A esquerda deve elevar o debate ambiental ao patamar da ação política marxista, diz Joaquim Monteiro
Tempo de leitura: 5 minA esquerda deve elevar o debate ambiental à práxis marxista
A atual situação no Rio Grande do Sul é, possivelmente, uma das piores catástrofes climáticas da história brasileira. Isso é consequência direta dos efeitos das mudanças climáticas causadas pelo capitalismo por meio do agronegócio e políticas de austeridade, que além de gerar o problema, desmonta os instrumentos públicos que permitiram algum poder de resposta à emergência
Uma entrevista de Hugo Albuquerque com Joaquim Monteiro *, na Jacobina
A catástrofe ambiental no Rio Grande do Sul já desalojou mais de cem mil pessoas, deixando centenas de mortos e desaparecidos nas inundações que varreram muitas cidades gaúchas, inclusive a região metropolitana de Porto Alegre – que segue inundada e, praticamente, isolada do resto do Brasil, com o aeroporto sem previsão de receber voos pelo próximo mês. É, possivelmente, um dos piores eventos climáticos da história brasileira.
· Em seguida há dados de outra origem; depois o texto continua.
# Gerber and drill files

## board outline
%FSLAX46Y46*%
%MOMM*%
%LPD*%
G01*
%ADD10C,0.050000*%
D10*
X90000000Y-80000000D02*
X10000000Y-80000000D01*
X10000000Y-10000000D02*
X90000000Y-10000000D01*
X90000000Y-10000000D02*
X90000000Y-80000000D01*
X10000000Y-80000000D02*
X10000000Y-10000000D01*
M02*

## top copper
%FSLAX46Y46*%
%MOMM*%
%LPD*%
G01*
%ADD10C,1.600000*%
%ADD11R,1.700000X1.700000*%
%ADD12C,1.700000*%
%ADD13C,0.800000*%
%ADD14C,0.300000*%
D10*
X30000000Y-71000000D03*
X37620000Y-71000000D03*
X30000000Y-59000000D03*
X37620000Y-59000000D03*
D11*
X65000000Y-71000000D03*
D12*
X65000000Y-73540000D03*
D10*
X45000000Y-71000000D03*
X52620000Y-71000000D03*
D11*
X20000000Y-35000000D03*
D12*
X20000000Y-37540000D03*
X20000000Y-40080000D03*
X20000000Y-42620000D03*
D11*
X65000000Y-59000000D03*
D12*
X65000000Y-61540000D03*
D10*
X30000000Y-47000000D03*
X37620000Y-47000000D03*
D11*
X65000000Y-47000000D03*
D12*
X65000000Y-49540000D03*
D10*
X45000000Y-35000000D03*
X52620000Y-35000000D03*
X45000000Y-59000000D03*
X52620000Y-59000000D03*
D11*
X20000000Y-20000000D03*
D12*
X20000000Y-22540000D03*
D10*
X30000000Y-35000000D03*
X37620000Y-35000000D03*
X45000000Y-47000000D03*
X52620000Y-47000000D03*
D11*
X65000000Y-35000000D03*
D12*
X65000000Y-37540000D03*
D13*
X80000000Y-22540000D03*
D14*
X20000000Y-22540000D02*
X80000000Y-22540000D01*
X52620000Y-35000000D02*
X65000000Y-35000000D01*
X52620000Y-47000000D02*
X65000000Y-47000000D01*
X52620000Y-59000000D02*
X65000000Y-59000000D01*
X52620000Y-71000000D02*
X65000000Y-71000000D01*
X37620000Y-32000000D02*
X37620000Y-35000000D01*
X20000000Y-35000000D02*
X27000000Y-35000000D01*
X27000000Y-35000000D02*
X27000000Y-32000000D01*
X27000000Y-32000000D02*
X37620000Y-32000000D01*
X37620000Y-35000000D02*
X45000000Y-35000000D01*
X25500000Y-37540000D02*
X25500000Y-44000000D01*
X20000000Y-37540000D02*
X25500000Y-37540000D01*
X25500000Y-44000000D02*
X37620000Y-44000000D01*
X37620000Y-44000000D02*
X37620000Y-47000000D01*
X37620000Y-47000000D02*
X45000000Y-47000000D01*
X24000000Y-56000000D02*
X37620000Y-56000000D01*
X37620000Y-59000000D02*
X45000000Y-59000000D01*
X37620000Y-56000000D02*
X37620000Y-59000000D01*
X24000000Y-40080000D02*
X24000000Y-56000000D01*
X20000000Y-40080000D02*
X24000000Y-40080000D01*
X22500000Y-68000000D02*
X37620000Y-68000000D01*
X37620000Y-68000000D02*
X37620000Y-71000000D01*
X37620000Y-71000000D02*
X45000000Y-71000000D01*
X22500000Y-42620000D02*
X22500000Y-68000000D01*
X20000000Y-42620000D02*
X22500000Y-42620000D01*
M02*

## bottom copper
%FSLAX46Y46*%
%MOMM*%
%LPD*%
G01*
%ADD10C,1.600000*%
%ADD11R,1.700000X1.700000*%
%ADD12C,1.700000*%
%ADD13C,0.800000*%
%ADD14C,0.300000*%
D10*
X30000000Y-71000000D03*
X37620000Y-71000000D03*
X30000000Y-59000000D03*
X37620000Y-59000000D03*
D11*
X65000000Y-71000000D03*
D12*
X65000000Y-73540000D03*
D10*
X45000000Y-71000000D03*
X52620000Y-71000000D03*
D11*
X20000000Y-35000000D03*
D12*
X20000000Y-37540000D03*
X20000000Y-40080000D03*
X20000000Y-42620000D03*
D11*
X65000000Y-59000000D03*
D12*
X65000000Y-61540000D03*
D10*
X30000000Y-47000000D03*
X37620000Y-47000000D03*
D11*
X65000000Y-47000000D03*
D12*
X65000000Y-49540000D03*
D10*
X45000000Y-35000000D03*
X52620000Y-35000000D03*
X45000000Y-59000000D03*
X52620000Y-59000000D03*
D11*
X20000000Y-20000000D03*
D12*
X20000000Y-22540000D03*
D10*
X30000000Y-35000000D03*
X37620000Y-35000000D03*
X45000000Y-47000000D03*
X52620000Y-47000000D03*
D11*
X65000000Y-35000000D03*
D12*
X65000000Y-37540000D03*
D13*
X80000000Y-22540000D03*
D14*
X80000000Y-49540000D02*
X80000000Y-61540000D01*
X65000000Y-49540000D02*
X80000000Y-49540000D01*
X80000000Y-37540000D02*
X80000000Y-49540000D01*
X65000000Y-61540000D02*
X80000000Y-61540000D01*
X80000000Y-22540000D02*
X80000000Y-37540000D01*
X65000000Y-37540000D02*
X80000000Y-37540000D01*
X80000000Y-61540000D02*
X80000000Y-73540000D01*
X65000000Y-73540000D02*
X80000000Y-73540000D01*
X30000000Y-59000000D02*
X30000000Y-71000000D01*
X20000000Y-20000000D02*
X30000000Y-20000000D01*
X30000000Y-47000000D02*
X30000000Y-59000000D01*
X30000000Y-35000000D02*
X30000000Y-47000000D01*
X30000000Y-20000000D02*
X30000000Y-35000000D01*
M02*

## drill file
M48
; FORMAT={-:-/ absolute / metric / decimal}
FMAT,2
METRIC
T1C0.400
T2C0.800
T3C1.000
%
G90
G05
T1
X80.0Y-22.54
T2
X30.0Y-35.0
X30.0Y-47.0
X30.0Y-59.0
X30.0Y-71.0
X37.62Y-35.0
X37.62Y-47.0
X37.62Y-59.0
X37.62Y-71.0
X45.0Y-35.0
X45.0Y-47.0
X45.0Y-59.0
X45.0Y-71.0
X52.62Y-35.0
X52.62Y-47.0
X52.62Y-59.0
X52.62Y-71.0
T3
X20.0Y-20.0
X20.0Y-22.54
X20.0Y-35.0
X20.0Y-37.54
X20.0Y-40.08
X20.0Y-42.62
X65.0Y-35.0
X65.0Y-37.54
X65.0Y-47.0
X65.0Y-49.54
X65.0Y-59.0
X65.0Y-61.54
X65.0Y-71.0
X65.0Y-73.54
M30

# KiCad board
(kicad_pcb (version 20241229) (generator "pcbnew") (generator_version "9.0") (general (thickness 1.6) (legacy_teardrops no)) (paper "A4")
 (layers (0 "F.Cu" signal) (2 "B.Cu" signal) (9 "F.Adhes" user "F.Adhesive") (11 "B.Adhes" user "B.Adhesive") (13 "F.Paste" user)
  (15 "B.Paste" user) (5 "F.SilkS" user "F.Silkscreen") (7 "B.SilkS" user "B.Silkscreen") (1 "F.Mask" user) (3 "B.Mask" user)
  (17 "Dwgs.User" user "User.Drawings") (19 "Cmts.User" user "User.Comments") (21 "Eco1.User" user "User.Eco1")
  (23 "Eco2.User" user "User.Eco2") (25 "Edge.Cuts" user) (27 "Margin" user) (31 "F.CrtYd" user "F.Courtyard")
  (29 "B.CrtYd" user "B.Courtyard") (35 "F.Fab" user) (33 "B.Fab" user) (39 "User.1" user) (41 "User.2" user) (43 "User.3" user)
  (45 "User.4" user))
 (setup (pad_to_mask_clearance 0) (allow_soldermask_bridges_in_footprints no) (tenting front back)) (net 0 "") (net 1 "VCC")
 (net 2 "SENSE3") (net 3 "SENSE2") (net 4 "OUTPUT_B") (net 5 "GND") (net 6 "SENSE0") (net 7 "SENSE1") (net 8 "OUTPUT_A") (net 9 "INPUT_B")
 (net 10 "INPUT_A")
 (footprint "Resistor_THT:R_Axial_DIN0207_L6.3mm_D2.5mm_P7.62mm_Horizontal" (layer "F.Cu") (at 30 71)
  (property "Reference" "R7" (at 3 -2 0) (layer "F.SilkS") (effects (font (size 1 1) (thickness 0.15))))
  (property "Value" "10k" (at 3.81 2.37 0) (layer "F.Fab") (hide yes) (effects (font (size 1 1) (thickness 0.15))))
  (pad "1" thru_hole circle (at 0 0) (size 1.6 1.6) (drill 0.8) (layers "*.Cu" "*.Mask") (remove_unused_layers no) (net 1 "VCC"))
  (pad "2" thru_hole circle (at 7.62 0) (size 1.6 1.6) (drill 0.8) (layers "*.Cu" "*.Mask") (remove_unused_layers no) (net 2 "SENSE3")))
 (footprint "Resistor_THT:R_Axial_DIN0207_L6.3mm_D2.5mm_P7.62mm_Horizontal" (layer "F.Cu") (at 30 59)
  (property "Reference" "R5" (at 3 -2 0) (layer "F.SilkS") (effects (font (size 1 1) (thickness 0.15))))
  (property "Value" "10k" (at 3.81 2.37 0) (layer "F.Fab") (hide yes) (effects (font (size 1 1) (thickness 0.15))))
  (pad "1" thru_hole circle (at 0 0) (size 1.6 1.6) (drill 0.8) (layers "*.Cu" "*.Mask") (remove_unused_layers no) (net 1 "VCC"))
  (pad "2" thru_hole circle (at 7.62 0) (size 1.6 1.6) (drill 0.8) (layers "*.Cu" "*.Mask") (remove_unused_layers no) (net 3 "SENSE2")))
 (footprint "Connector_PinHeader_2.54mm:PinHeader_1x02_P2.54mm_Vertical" (layer "F.Cu") (at 65 71)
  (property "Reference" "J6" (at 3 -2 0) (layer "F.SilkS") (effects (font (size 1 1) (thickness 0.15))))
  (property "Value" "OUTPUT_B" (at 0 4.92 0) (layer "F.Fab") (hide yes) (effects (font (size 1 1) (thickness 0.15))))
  (pad "1" thru_hole rect (at 0 0) (size 1.7 1.7) (drill 1) (layers "*.Cu" "*.Mask") (remove_unused_layers no) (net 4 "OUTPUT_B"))
  (pad "2" thru_hole circle (at 0 2.54) (size 1.7 1.7) (drill 1) (layers "*.Cu" "*.Mask") (remove_unused_layers no) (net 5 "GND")))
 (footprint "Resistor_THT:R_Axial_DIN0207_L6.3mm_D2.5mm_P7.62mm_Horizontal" (layer "F.Cu") (at 45 71)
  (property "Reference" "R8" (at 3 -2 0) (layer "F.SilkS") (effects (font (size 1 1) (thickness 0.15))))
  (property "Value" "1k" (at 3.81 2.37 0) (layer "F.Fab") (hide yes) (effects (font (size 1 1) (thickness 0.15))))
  (pad "1" thru_hole circle (at 0 0) (size 1.6 1.6) (drill 0.8) (layers "*.Cu" "*.Mask") (remove_unused_layers no) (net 2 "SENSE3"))
  (pad "2" thru_hole circle (at 7.62 0) (size 1.6 1.6) (drill 0.8) (layers "*.Cu" "*.Mask") (remove_unused_layers no) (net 4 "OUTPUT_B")))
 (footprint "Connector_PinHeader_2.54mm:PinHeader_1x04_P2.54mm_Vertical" (layer "F.Cu") (at 20 35)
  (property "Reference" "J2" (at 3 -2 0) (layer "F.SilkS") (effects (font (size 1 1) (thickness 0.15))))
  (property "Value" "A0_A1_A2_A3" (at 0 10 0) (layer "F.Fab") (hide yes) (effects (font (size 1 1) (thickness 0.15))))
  (pad "1" thru_hole rect (at 0 0) (size 1.7 1.7) (drill 1) (layers "*.Cu" "*.Mask") (remove_unused_layers no) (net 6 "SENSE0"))
  (pad "2" thru_hole circle (at 0 2.54) (size 1.7 1.7) (drill 1) (layers "*.Cu" "*.Mask") (remove_unused_layers no) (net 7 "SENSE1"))
  (pad "3" thru_hole circle (at 0 5.08) (size 1.7 1.7) (drill 1) (layers "*.Cu" "*.Mask") (remove_unused_layers no) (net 3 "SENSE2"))
  (pad "4" thru_hole circle (at 0 7.62) (size 1.7 1.7) (drill 1) (layers "*.Cu" "*.Mask") (remove_unused_layers no) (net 2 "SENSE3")))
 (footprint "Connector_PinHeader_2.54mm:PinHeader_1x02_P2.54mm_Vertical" (layer "F.Cu") (at 65 59)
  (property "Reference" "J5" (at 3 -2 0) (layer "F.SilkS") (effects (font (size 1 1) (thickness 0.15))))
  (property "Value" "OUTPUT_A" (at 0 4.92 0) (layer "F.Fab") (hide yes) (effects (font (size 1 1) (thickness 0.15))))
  (pad "1" thru_hole rect (at 0 0) (size 1.7 1.7) (drill 1) (layers "*.Cu" "*.Mask") (remove_unused_layers no) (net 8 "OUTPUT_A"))
  (pad "2" thru_hole circle (at 0 2.54) (size 1.7 1.7) (drill 1) (layers "*.Cu" "*.Mask") (remove_unused_layers no) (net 5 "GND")))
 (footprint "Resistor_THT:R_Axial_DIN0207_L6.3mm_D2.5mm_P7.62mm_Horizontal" (layer "F.Cu") (at 30 47)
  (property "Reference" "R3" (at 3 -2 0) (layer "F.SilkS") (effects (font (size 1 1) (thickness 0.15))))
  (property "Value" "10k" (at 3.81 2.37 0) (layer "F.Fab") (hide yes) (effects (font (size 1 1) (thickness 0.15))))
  (pad "1" thru_hole circle (at 0 0) (size 1.6 1.6) (drill 0.8) (layers "*.Cu" "*.Mask") (remove_unused_layers no) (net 1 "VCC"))
  (pad "2" thru_hole circle (at 7.62 0) (size 1.6 1.6) (drill 0.8) (layers "*.Cu" "*.Mask") (remove_unused_layers no) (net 7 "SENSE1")))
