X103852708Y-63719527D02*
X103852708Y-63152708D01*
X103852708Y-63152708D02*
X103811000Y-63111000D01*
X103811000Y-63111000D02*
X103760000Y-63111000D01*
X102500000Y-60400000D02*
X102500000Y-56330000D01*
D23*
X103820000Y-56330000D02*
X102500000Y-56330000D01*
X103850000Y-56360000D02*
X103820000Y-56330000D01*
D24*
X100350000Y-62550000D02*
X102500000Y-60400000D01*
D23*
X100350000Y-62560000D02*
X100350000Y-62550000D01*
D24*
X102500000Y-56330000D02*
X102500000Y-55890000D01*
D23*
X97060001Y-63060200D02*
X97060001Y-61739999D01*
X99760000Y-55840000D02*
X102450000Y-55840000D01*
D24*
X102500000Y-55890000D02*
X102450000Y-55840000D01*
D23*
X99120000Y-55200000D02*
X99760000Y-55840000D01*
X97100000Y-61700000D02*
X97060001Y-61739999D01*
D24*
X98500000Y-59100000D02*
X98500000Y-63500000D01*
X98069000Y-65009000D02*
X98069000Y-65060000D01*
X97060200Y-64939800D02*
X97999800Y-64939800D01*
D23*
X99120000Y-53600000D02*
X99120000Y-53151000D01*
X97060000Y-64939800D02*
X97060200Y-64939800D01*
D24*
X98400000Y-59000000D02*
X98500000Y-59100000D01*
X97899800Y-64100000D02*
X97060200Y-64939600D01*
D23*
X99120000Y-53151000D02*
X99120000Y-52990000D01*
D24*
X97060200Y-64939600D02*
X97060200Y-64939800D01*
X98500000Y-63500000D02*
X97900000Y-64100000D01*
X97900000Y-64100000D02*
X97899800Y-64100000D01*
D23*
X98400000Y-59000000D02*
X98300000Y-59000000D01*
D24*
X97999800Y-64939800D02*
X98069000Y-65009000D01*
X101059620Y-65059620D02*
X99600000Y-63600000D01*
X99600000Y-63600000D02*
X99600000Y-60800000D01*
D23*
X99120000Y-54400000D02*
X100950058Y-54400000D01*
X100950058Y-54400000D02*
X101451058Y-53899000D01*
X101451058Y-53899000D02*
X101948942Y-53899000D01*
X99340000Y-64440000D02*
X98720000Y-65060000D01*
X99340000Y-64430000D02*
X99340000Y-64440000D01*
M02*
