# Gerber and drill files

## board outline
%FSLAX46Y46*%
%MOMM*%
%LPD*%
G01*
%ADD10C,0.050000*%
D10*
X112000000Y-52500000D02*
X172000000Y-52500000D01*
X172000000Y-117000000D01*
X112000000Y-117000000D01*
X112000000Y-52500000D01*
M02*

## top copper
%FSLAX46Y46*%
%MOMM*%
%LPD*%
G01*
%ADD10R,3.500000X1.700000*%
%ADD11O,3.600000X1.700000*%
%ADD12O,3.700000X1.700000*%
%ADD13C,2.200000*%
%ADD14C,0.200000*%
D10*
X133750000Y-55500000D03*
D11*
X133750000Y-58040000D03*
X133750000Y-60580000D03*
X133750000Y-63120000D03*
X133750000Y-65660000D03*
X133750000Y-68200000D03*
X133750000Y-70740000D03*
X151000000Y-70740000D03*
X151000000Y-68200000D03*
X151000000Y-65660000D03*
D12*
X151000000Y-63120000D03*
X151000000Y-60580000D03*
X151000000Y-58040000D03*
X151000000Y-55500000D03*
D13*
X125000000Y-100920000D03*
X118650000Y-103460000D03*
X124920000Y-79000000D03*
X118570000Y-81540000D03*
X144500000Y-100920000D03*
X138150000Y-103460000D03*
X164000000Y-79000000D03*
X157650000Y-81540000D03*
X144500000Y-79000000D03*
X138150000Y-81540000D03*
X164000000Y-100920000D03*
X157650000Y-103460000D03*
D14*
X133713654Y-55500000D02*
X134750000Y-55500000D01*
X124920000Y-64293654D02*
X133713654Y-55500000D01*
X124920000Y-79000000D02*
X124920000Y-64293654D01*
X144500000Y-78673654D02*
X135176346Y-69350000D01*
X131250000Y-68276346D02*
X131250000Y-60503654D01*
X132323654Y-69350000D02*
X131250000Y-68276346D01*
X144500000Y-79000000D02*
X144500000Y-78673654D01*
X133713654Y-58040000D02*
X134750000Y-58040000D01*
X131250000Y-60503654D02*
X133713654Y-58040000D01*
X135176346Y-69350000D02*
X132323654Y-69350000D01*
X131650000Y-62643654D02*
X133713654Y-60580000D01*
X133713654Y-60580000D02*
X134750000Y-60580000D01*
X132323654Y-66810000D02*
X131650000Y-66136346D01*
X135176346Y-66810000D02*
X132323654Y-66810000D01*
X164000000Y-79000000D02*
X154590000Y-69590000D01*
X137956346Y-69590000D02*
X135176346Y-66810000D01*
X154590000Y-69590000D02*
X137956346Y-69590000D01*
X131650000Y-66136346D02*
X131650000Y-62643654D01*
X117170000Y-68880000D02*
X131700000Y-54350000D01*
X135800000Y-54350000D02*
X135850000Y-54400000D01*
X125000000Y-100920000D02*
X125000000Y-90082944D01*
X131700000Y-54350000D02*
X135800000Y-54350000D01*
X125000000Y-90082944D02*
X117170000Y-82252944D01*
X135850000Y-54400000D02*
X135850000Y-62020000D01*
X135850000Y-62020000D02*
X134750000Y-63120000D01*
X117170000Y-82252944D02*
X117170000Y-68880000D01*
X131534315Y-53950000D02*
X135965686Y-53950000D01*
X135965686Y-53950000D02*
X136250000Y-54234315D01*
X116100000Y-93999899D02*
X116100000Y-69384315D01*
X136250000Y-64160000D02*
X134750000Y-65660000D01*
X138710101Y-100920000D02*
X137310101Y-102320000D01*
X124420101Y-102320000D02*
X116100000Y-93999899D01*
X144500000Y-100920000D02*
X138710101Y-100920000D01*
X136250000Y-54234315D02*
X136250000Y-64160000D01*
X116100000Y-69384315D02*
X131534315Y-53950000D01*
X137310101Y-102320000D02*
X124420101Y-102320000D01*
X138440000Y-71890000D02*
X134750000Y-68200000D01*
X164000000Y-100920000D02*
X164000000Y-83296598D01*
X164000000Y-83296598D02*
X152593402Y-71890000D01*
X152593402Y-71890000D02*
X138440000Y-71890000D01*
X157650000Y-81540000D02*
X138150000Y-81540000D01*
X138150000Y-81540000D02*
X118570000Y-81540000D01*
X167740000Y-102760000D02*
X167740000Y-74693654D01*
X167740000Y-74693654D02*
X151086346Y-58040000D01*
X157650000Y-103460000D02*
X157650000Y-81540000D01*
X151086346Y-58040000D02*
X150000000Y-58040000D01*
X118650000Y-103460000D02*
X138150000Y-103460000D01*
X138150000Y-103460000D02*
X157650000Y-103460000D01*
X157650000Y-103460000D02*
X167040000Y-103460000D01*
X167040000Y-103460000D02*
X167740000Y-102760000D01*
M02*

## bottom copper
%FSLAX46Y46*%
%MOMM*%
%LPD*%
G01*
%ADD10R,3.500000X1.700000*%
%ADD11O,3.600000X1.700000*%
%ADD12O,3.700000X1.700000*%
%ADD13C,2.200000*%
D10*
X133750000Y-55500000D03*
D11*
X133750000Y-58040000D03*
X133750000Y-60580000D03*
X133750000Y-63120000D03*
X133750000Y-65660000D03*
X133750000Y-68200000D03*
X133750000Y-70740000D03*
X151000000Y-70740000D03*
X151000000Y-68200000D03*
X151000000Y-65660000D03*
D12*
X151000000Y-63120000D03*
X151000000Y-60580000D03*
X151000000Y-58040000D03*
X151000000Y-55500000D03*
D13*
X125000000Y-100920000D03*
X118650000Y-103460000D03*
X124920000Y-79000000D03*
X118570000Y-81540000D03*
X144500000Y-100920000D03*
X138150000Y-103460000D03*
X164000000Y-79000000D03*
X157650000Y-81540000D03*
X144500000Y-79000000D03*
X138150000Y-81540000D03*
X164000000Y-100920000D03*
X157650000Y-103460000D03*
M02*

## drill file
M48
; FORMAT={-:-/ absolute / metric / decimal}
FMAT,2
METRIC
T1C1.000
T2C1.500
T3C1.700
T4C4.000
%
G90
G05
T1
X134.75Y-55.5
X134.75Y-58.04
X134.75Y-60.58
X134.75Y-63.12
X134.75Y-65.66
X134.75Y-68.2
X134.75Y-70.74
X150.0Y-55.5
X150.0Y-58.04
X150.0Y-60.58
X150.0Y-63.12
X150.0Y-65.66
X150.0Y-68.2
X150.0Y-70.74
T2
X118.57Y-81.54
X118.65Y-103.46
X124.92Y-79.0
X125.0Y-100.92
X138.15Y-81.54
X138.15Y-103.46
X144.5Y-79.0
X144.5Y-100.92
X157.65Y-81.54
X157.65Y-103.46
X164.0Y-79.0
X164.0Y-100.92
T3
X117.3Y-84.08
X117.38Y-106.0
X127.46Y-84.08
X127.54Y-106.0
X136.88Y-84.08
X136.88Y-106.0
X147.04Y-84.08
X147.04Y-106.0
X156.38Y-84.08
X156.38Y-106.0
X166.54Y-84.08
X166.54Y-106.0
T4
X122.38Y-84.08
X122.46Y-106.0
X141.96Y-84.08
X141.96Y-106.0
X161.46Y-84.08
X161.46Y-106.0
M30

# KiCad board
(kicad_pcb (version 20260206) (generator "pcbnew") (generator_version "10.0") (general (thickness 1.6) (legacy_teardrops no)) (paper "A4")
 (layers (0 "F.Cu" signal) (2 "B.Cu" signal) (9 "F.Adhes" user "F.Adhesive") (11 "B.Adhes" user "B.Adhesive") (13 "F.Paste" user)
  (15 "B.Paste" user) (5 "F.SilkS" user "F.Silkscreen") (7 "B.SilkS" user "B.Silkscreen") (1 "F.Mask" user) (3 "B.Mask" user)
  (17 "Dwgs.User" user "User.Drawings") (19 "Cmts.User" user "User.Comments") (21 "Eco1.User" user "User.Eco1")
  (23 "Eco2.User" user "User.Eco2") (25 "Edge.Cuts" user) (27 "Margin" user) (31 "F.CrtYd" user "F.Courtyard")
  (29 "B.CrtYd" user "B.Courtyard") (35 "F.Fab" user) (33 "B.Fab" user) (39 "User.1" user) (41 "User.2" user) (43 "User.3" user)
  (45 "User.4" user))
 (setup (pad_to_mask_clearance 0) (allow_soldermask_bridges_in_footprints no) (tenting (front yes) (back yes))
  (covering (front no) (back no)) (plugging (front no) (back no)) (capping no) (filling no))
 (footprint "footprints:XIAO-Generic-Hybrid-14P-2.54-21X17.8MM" (layer "F.Cu") (at 142.375 63.12)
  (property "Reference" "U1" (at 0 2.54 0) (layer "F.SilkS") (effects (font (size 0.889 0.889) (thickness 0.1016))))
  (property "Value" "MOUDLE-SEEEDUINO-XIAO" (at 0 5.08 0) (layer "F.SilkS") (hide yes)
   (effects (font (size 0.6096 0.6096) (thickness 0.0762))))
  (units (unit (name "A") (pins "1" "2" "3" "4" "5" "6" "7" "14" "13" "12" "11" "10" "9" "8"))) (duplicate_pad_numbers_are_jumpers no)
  (pad "1" thru_hole rect (at -7.625 -7.62) (size 3.5 1.7) (drill 1 (offset -1 0)) (layers "*.Cu" "*.Mask") (remove_unused_layers no)
   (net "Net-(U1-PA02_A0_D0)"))
  (pad "2" thru_hole oval (at -7.625 -5.08) (size 3.6 1.7) (drill 1 (offset -1 0)) (layers "*.Cu" "*.Mask") (remove_unused_layers no)
   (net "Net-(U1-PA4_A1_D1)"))
  (pad "3" thru_hole oval (at -7.625 -2.54) (size 3.6 1.7) (drill 1 (offset -1 0)) (layers "*.Cu" "*.Mask") (remove_unused_layers no)
   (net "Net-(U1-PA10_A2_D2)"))
  (pad "4" thru_hole oval (at -7.625 0) (size 3.6 1.7) (drill 1 (offset -1 0)) (layers "*.Cu" "*.Mask") (remove_unused_layers no)
   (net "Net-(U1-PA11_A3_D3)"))
  (pad "5" thru_hole oval (at -7.625 2.54) (size 3.6 1.7) (drill 1 (offset -1 0)) (layers "*.Cu" "*.Mask") (remove_unused_layers no)
   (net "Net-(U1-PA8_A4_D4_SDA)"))
  (pad "6" thru_hole oval (at -7.625 5.08 180) (size 3.6 1.7) (drill 1 (offset 1 0)) (layers "*.Cu" "*.Mask") (remove_unused_layers no)
   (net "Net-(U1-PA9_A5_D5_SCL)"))
  (pad "7" thru_hole oval (at -7.625 7.62) (size 3.6 1.7) (drill 1 (offset -1 0)) (layers "*.Cu" "*.Mask") (remove_unused_layers no)
   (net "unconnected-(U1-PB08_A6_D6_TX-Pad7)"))
  (pad "8" thru_hole oval (at 7.625 7.62) (size 3.6 1.7) (drill 1 (offset 1 0)) (layers "*.Cu" "*.Mask") (remove_unused_layers no)
   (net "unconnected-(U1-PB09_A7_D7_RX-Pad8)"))
  (pad "9" thru_hole oval (at 7.625 5.08) (size 3.6 1.7) (drill 1 (offset 1 0)) (layers "*.Cu" "*.Mask") (remove_unused_layers no)
   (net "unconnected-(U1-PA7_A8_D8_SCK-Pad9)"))
  (pad "10" thru_hole oval (at 7.625 2.54) (size 3.6 1.7) (drill 1 (offset 1 0)) (layers "*.Cu" "*.Mask") (remove_unused_layers no)
   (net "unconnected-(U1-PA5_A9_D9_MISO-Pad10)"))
Enquanto organizações como o Movimento dos Trabalhadores Sem-Terra (MST) se mobilizam para prover comida e água a esses refugiados ambientais, a extrema direita segue entre o negacionismo climático ou, até mesmo, tentando recolher doações para ONG’s sem qualquer relação com resgates – dando uma mostra do que consiste a atual “polarização” da política brasileira.
O presidente Lula defendeu um orçamento especial para a reconstrução do Estado, o 6º maior em população e o 4º maior PIB, prefigurando uma luta árdua, inclusive interna no governo.
Essa tragédia vem acompanhada de anos de negacionismo climático dos governos liberais de centro direita do Estado e da capital gaúcha, que repetem as políticas de negacionismo climático que aturdiram o Brasil nos últimos anos.
Para compreender melhor toda a situação, conversamos com Joaquim Monteiro, que está em Porto Alegre agora, onde reside – tendo sido afetado pela catástrofe.
Ele é monge budista e possui um longo currículo de militância política no Brasil e no Japão, participando ativamente dos debates e das atividades práticas na reconstrução da esquerda revolucionária atualmente.
HA: Nos conte sobre sua experiência em meio a essa verdadeira catástrofe? Como está agora e quais as perspectivas para os próximos dias?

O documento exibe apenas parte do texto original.